12/13 April 2024, 5 Nisan 5784

The year is marching on.

Passover is fast approaching.

We know the theme – going from a narrow place to a wide expanse. Min Hameitzar karate yah v’anani v’merchav yah. (Psalm 118) The writer Michael Walzer wrote: wherever you live, it is probably Egypt; second; that there is a better place, a world more attractive, a promised land; and third, that the way to the land is through the wilderness.

That is the theme of the holiday: moving from oppression to freedom; opening our hearts, our homes and our tables, as the Haggadah calls, “Let all who are hungry come and eat.”

This year, we at FPS wanted to reach out to the unaffiliated – to friends and to family of our members – to open our doors pre-Passover on 20th April – to converse about what it means to be Jewish right now; to meet the central story of our tradition and tell the Seder, “We were slaves in Egypt…”

Because what will Pesach be like this year? What will we add to our telling to reflect what is happening around us? Rabbi Joseph Soloveitchik, a thoughtful and interesting Orthodox rabbi, wrote, “the Egyptian experience may therefore be regarded as the fountainhead and moral inspiration for the teaching of compassion, which is so pervasive in Jewish law.” We all know the goal of Jewish law and tradition is to cultivate people of compassion. There are various ways to do that with the Seder and Passover experience.

Some might add a beetroot to the seder plate as a sign of solidarity for the ongoing war against Ukraine – beetroot being an obvious national food – think borscht. Rabbi Igor Zinkov suggests eating it after the bitter herbs and using its Hebrew name selek (סלק) and seeing in it the word for retreat, yistalku (יסתלקו).

May it be your will Eternal God that all enemies will retreat.

Some may set an extra seat for one of the hostages, an initiative by the Board of Deputies, printing a picture and talking about an individual far from home and the redemption and release the Passover story tells.

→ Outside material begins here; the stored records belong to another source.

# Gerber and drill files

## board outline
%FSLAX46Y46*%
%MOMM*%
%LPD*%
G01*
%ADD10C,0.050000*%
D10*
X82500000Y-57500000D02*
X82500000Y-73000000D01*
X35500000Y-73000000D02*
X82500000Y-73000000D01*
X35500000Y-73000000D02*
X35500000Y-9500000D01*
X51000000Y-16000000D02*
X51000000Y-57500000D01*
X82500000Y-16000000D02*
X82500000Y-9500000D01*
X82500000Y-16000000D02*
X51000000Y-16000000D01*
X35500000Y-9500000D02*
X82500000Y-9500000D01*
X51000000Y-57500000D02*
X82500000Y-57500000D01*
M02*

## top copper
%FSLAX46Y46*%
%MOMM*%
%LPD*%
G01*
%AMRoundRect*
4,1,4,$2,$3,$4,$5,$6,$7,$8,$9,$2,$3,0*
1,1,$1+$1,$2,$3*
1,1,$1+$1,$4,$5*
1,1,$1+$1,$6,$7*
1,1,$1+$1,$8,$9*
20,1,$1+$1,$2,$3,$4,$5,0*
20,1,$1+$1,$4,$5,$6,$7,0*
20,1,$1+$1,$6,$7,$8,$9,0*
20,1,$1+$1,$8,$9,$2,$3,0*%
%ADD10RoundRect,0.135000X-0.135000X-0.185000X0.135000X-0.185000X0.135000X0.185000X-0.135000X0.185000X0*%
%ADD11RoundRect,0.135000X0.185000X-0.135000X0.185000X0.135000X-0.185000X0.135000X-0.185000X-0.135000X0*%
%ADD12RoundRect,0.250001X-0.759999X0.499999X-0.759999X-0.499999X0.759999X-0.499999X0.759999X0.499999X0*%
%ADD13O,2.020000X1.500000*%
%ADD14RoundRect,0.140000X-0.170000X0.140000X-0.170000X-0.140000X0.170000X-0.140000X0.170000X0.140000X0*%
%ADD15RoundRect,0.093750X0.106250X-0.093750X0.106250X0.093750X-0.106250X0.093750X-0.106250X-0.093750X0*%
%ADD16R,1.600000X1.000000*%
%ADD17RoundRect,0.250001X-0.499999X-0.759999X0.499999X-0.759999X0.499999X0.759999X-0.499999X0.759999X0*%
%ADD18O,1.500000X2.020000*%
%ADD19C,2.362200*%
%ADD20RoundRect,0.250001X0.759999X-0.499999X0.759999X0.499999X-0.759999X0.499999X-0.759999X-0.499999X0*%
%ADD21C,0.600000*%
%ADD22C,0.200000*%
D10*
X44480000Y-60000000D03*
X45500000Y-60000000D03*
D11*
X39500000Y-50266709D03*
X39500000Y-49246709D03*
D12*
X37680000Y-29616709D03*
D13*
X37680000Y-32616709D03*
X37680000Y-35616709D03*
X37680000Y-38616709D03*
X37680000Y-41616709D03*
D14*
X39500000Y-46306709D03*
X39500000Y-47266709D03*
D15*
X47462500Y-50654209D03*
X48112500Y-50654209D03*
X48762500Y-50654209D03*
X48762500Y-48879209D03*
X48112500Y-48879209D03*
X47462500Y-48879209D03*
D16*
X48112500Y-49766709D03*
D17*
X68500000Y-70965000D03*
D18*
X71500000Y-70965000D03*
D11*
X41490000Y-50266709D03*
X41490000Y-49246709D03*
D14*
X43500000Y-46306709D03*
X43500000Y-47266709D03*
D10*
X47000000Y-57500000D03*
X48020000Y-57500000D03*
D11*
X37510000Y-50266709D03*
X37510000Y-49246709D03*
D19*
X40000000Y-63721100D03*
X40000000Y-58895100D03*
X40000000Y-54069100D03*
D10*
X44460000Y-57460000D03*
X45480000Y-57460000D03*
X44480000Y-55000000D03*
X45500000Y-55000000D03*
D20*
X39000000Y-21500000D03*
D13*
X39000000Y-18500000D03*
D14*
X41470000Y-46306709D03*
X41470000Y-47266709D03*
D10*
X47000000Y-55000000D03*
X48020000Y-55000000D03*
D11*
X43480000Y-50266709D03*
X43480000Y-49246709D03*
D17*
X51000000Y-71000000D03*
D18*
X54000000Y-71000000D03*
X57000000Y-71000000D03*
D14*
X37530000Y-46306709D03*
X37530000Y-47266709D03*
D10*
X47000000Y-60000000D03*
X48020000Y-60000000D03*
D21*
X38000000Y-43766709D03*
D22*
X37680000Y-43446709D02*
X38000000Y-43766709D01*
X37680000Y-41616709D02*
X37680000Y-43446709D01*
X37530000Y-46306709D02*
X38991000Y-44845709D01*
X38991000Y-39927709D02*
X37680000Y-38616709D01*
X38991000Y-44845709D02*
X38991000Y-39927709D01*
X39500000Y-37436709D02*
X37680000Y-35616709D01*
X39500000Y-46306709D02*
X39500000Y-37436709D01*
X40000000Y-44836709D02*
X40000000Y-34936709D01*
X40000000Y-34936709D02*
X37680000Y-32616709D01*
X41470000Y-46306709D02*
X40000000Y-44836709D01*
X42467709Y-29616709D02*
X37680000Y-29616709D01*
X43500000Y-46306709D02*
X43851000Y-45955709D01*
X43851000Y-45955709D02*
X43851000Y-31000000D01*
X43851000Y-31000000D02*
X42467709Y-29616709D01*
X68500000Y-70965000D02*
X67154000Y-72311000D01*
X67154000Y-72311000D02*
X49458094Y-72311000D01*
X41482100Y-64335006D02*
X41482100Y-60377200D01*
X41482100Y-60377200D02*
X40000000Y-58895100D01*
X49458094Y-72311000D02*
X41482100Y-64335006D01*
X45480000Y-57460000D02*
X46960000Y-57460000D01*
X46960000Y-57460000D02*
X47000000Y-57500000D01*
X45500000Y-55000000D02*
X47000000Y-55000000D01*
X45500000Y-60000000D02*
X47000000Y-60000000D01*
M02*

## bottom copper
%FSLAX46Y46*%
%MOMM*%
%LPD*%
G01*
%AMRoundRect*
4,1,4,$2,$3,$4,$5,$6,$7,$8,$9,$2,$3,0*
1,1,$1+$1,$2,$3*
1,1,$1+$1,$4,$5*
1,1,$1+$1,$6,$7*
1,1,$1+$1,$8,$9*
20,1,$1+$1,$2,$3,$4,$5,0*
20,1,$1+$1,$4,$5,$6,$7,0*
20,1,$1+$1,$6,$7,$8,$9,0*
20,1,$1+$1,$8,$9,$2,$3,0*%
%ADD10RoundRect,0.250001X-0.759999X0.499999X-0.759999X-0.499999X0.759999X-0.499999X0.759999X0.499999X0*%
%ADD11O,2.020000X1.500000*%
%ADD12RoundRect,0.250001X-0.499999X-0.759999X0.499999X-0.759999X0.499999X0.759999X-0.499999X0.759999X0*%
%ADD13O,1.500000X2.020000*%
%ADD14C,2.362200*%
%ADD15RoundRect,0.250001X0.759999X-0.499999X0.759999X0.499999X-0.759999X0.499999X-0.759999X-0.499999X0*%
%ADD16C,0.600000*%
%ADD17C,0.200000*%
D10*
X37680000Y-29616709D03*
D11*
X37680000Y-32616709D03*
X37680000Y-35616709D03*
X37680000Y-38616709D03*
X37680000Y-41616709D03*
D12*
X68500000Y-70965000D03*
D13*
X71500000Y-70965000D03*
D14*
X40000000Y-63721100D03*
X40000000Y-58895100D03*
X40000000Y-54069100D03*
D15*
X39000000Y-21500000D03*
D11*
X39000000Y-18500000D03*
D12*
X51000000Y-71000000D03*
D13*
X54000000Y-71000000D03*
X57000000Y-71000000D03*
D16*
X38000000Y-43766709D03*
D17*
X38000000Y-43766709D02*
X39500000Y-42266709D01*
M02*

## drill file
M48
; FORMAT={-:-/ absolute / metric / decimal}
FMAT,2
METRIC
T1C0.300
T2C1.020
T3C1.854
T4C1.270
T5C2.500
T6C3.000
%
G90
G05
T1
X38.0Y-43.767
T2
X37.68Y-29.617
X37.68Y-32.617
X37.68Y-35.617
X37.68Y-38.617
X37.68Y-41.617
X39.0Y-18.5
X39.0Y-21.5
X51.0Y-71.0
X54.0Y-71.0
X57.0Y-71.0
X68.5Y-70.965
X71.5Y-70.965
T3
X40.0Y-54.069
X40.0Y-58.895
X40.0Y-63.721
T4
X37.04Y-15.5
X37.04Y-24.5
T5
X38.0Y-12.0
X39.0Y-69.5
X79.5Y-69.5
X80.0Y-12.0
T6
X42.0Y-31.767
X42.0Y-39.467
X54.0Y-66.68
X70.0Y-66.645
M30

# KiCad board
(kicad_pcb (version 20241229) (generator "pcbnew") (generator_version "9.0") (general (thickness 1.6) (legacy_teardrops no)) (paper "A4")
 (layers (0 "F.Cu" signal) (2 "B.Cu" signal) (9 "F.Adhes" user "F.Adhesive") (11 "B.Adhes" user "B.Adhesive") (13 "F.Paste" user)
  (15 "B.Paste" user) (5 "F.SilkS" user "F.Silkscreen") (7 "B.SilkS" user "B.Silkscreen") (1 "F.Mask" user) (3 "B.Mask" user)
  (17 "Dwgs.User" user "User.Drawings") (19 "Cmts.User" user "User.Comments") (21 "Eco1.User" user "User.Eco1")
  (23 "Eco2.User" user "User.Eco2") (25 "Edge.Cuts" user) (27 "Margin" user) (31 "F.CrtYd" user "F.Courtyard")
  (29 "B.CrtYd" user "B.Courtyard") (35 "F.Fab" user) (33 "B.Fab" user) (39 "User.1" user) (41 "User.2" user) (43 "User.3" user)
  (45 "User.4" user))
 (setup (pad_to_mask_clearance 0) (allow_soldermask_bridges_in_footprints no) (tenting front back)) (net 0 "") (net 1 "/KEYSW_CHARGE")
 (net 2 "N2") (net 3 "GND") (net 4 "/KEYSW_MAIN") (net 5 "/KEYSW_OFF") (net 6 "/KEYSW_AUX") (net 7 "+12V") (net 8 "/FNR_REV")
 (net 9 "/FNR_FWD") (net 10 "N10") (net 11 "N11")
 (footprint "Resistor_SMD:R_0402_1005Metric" (layer "F.Cu") (at 44.99 60)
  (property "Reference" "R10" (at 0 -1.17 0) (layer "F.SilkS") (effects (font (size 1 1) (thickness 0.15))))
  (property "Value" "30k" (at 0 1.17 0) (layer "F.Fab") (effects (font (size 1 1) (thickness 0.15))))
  (pad "1" smd roundrect (at -0.51 0) (size 0.54 0.64) (layers "F.Cu" "F.Mask" "F.Paste") (roundrect_rratio 0.25) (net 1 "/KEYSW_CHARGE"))
  (pad "2" smd roundrect (at 0.51 0) (size 0.54 0.64) (layers "F.Cu" "F.Mask" "F.Paste") (roundrect_rratio 0.25) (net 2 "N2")))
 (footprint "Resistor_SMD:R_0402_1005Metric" (layer "F.Cu") (at 39.5 49.756709 90)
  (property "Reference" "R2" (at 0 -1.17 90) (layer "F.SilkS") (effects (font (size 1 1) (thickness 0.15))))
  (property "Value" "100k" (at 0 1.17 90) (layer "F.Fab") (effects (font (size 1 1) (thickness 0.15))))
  (pad "1" smd roundrect (at -0.51 0 90) (size 0.54 0.64) (layers "F.Cu" "F.Mask" "F.Paste") (roundrect_rratio 0.25) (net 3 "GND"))
  (pad "2" smd roundrect (at 0.51 0 90) (size 0.54 0.64) (layers "F.Cu" "F.Mask" "F.Paste") (roundrect_rratio 0.25) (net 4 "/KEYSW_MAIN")))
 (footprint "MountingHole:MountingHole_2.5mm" (layer "F.Cu") (at 79.5 69.5)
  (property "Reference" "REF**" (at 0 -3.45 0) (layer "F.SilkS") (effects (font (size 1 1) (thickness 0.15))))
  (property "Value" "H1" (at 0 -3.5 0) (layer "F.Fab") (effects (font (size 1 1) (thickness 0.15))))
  (pad "" np_thru_hole circle (at 0 0) (size 2.5 2.5) (drill 2.5) (layers "*.Cu" "*.Mask")))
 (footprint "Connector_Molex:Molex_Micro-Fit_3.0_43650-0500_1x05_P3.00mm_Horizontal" (layer "F.Cu") (at 37.68 29.616709 -90)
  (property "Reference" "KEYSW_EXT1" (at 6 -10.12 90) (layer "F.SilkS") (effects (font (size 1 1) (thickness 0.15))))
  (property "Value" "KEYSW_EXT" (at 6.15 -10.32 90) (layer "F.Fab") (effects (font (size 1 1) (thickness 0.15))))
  (pad "" np_thru_hole circle (at 2.15 -4.32 270) (size 3 3) (drill 3) (layers "*.Cu" "*.Mask"))
  (pad "" np_thru_hole circle (at 9.85 -4.32 270) (size 3 3) (drill 3) (layers "*.Cu" "*.Mask"))
  (pad "1" thru_hole roundrect (at 0 0 270) (size 1.5 2.02) (drill 1.02) (layers "*.Cu" "*.Mask") (remove_unused_layers no)
   (roundrect_rratio 0.166667) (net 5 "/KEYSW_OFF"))
  (pad "2" thru_hole oval (at 3 0 270) (size 1.5 2.02) (drill 1.02) (layers "*.Cu" "*.Mask") (remove_unused_layers no) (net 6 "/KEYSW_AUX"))
  (pad "3" thru_hole oval (at 6 0 270) (size 1.5 2.02) (drill 1.02) (layers "*.Cu" "*.Mask") (remove_unused_layers no) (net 4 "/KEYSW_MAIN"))
  (pad "4" thru_hole oval (at 9 0 270) (size 1.5 2.02) (drill 1.02) (layers "*.Cu" "*.Mask") (remove_unused_layers no)
   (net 1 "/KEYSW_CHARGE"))
  (pad "5" thru_hole oval (at 12 0 270) (size 1.5 2.02) (drill 1.02) (layers "*.Cu" "*.Mask") (remove_unused_layers no) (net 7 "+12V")))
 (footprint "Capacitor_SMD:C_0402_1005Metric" (layer "F.Cu") (at 39.5 46.786709 -90)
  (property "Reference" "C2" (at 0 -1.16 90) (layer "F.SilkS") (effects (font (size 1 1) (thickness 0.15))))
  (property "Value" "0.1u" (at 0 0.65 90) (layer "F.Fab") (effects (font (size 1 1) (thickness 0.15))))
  (pad "1" smd roundrect (at -0.48 0 270) (size 0.56 0.62) (layers "F.Cu" "F.Mask" "F.Paste") (roundrect_rratio 0.25) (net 4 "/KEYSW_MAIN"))
  (pad "2" smd roundrect (at 0.48 0 270) (size 0.56 0.62) (layers "F.Cu" "F.Mask" "F.Paste") (roundrect_rratio 0.25) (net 3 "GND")))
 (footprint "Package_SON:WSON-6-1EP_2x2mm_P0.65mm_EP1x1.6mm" (layer "F.Cu") (at 48.1125 49.766709 90)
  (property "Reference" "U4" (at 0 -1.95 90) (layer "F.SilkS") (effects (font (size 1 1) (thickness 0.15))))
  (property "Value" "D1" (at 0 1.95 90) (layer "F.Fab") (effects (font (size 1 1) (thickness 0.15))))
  (pad "" smd roundrect (at 0 -0.4 90) (size 0.81 0.64) (layers "F.Paste") (roundrect_rratio 0.25))
  (pad "" smd roundrect (at 0 0.4 90) (size 0.81 0.64) (layers "F.Paste") (roundrect_rratio 0.25))
  (pad "1" smd roundrect (at -0.8875 -0.65 90) (size 0.375 0.4) (layers "F.Cu" "F.Mask" "F.Paste") (roundrect_rratio 0.25) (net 2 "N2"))
  (pad "2" smd roundrect (at -0.8875 0 90) (size 0.375 0.4) (layers "F.Cu" "F.Mask" "F.Paste") (roundrect_rratio 0.25) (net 2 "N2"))
  (pad "3" smd roundrect (at -0.8875 0.65 90) (size 0.375 0.4) (layers "F.Cu" "F.Mask" "F.Paste") (roundrect_rratio 0.25) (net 2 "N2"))
  (pad "4" smd roundrect (at 0.8875 0.65 90) (size 0.375 0.4) (layers "F.Cu" "F.Mask" "F.Paste") (roundrect_rratio 0.25) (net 3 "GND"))
  (pad "5" smd roundrect (at 0.8875 0 90) (size 0.375 0.4) (layers "F.Cu" "F.Mask" "F.Paste") (roundrect_rratio 0.25) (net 3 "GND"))
  (pad "6" smd roundrect (at 0.8875 -0.65 90) (size 0.375 0.4) (layers "F.Cu" "F.Mask" "F.Paste") (roundrect_rratio 0.25) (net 3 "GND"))
  (pad "7" smd rect (at 0 0 90) (size 1 1.6) (layers "F.Cu" "F.Mask") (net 2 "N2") (zone_connect 2)))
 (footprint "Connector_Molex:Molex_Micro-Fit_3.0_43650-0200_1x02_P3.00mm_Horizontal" (layer "F.Cu") (at 68.5 70.965)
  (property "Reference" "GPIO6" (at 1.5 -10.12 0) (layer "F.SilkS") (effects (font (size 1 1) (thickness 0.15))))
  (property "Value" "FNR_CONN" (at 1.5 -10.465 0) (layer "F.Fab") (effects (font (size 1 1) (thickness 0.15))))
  (pad "" np_thru_hole circle (at 1.5 -4.32) (size 3 3) (drill 3) (layers "*.Cu" "*.Mask"))
  (pad "1" thru_hole roundrect (at 0 0) (size 1.5 2.02) (drill 1.02) (layers "*.Cu" "*.Mask") (remove_unused_layers no)
   (roundrect_rratio 0.166667) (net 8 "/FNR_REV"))
  (pad "2" thru_hole oval (at 3 0) (size 1.5 2.02) (drill 1.02) (layers "*.Cu" "*.Mask") (remove_unused_layers no) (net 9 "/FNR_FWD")))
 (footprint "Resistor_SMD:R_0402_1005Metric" (layer "F.Cu") (at 41.49 49.756709 90)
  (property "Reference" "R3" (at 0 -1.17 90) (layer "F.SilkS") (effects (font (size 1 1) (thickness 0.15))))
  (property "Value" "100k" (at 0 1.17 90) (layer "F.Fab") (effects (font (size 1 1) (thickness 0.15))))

Some may place an olive branch – the symbol of peace – or a few olives on the Seder plate. Olive trees have long been destroyed by Israeli settlers, leading to Palestinian suffering. Rabbis for Human Rights in Israel (a multi denominational group) often replant them with communities. Now, with the devastation of Gaza and mass starvation there, perhaps some will set an empty bowl on their seder table, or even bird seed, to represent what some are reduced to foraging and eating. This could perhaps open conversations about different suffering as we list the biblical plagues. We’ll have a chance to talk about what we all might like to do.